§ **What to work on**: Go through the listing below from the line containing "roundrect (at 0.51" to its last line, retyping each line exactly and nothing else.

----

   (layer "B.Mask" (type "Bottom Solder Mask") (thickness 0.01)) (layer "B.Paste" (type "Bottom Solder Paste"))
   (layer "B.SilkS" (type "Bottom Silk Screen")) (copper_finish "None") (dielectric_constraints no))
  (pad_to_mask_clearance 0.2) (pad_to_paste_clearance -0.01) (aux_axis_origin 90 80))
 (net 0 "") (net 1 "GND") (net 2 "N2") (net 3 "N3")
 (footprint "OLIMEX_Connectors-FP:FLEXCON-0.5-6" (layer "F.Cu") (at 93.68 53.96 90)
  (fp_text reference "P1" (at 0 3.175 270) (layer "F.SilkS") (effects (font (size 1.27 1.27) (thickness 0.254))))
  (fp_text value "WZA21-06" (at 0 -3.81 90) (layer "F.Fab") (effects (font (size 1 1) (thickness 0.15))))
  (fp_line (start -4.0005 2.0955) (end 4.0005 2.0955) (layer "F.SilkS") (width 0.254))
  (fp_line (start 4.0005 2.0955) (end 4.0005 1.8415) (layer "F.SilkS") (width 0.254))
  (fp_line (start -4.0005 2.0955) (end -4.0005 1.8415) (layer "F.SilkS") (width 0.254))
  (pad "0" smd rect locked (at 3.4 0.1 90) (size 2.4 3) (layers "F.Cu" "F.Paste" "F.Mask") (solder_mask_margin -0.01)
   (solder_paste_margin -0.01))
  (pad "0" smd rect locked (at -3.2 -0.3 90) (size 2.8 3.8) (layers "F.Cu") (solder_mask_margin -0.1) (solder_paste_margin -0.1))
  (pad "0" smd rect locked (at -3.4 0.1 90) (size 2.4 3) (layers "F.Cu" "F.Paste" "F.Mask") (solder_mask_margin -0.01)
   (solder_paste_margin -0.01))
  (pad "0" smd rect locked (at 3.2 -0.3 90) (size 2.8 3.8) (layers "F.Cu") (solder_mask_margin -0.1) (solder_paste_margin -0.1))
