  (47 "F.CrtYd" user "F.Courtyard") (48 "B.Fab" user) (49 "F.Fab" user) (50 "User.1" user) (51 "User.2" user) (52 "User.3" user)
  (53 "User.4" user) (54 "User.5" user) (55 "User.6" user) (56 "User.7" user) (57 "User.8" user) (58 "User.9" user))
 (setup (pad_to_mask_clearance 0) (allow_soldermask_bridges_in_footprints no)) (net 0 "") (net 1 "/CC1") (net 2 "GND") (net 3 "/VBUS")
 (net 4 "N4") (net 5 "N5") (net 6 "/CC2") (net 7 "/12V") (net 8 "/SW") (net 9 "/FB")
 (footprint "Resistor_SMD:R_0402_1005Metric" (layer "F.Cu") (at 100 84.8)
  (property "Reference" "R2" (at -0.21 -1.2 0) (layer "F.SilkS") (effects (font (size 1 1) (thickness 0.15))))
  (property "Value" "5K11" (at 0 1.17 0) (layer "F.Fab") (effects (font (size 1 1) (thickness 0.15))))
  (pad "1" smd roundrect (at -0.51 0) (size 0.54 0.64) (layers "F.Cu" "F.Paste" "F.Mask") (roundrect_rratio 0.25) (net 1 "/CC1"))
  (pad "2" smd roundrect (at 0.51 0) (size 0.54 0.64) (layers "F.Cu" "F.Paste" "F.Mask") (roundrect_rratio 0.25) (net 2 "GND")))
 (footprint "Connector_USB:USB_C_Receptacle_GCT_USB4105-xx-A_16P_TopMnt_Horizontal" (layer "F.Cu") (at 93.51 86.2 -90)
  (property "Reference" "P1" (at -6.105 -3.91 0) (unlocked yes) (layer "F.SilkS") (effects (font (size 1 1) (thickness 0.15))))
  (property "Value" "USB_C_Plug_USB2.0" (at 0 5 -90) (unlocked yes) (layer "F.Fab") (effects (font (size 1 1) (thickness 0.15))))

----

§ **Response to this exercise**:
  (pad "2" smd roundrect (at 0.51 0) (size 0.54 0.64) (layers "F.Cu" "F.Paste" "F.Mask") (roundrect_rratio 0.25) (net 2 "GND")))
 (footprint "Connector_USB:USB_C_Receptacle_GCT_USB4105-xx-A_16P_TopMnt_Horizontal" (layer "F.Cu") (at 93.51 86.2 -90)
  (property "Reference" "P1" (at -6.105 -3.91 0) (unlocked yes) (layer "F.SilkS") (effects (font (size 1 1) (thickness 0.15))))
  (property "Value" "USB_C_Plug_USB2.0" (at 0 5 -90) (unlocked yes) (layer "F.Fab") (effects (font (size 1 1) (thickness 0.15))))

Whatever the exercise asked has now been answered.